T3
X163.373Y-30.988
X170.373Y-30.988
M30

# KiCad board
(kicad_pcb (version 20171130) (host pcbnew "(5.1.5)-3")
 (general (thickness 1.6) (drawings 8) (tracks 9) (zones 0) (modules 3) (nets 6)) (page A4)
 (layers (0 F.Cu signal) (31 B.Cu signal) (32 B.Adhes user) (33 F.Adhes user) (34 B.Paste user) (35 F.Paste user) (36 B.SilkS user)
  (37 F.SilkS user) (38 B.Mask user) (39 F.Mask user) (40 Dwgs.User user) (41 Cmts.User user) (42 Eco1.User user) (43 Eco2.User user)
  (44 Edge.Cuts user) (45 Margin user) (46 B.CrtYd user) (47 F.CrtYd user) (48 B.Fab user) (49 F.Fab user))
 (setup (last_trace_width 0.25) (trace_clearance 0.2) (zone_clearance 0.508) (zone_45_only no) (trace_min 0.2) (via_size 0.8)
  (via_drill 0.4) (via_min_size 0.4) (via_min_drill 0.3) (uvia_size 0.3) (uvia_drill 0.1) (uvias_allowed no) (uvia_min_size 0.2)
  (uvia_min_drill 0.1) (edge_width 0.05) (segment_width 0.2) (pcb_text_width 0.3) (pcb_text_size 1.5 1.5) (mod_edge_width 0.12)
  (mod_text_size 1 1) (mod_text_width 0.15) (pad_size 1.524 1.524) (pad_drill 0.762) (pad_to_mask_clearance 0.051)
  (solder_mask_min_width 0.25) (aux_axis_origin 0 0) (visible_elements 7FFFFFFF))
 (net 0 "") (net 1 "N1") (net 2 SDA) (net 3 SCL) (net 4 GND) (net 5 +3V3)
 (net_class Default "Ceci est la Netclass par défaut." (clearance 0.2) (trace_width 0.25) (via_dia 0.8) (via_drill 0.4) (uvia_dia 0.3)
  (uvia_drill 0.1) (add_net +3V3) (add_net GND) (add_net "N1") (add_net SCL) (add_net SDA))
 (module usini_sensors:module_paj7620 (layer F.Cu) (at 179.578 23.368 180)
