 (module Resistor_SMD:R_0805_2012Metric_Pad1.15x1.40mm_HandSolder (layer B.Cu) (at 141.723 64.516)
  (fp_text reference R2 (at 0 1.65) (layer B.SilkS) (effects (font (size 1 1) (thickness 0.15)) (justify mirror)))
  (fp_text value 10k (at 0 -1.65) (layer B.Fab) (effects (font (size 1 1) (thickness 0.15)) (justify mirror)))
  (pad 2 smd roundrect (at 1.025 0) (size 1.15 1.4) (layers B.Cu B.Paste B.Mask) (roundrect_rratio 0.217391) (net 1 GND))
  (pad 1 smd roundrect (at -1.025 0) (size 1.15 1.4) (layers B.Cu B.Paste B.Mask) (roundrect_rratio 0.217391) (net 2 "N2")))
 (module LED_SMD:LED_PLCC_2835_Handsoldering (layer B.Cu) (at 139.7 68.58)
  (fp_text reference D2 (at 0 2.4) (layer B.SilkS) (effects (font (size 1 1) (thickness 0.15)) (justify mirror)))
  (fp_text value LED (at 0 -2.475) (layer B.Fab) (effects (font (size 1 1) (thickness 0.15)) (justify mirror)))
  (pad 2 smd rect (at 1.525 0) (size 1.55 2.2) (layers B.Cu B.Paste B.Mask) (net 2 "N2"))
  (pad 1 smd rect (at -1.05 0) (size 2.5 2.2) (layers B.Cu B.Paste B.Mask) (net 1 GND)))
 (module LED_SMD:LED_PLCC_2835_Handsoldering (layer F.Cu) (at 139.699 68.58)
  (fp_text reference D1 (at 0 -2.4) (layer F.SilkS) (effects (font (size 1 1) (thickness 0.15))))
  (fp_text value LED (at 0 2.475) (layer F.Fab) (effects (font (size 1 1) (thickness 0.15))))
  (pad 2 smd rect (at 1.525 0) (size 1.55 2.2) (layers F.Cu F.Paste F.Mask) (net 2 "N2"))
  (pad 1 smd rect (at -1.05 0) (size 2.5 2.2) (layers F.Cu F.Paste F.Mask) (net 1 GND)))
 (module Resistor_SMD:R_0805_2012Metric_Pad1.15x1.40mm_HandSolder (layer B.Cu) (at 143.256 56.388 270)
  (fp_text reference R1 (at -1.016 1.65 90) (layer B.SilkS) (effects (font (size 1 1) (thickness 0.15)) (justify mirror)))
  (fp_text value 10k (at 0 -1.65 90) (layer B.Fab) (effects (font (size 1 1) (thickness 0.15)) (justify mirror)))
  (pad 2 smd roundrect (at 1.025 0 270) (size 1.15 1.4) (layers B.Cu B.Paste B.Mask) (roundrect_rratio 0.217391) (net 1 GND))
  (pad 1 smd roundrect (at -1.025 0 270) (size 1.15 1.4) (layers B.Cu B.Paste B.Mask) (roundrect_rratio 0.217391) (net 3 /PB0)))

+-------+

Problem:
Among the entries above, copy exactly only the lines starting with the one containing "(module LED_SMD:LED_PLCC_2835_Handsoldering (layer F.Cu)" and going through the one containing "(fp_text value LED (at 0 2.475)", both ends included.

Written reply:
 (module LED_SMD:LED_PLCC_2835_Handsoldering (layer F.Cu) (at 139.699 68.58)
  (fp_text reference D1 (at 0 -2.4) (layer F.SilkS) (effects (font (size 1 1) (thickness 0.15))))
  (fp_text value LED (at 0 2.475) (layer F.Fab) (effects (font (size 1 1) (thickness 0.15))))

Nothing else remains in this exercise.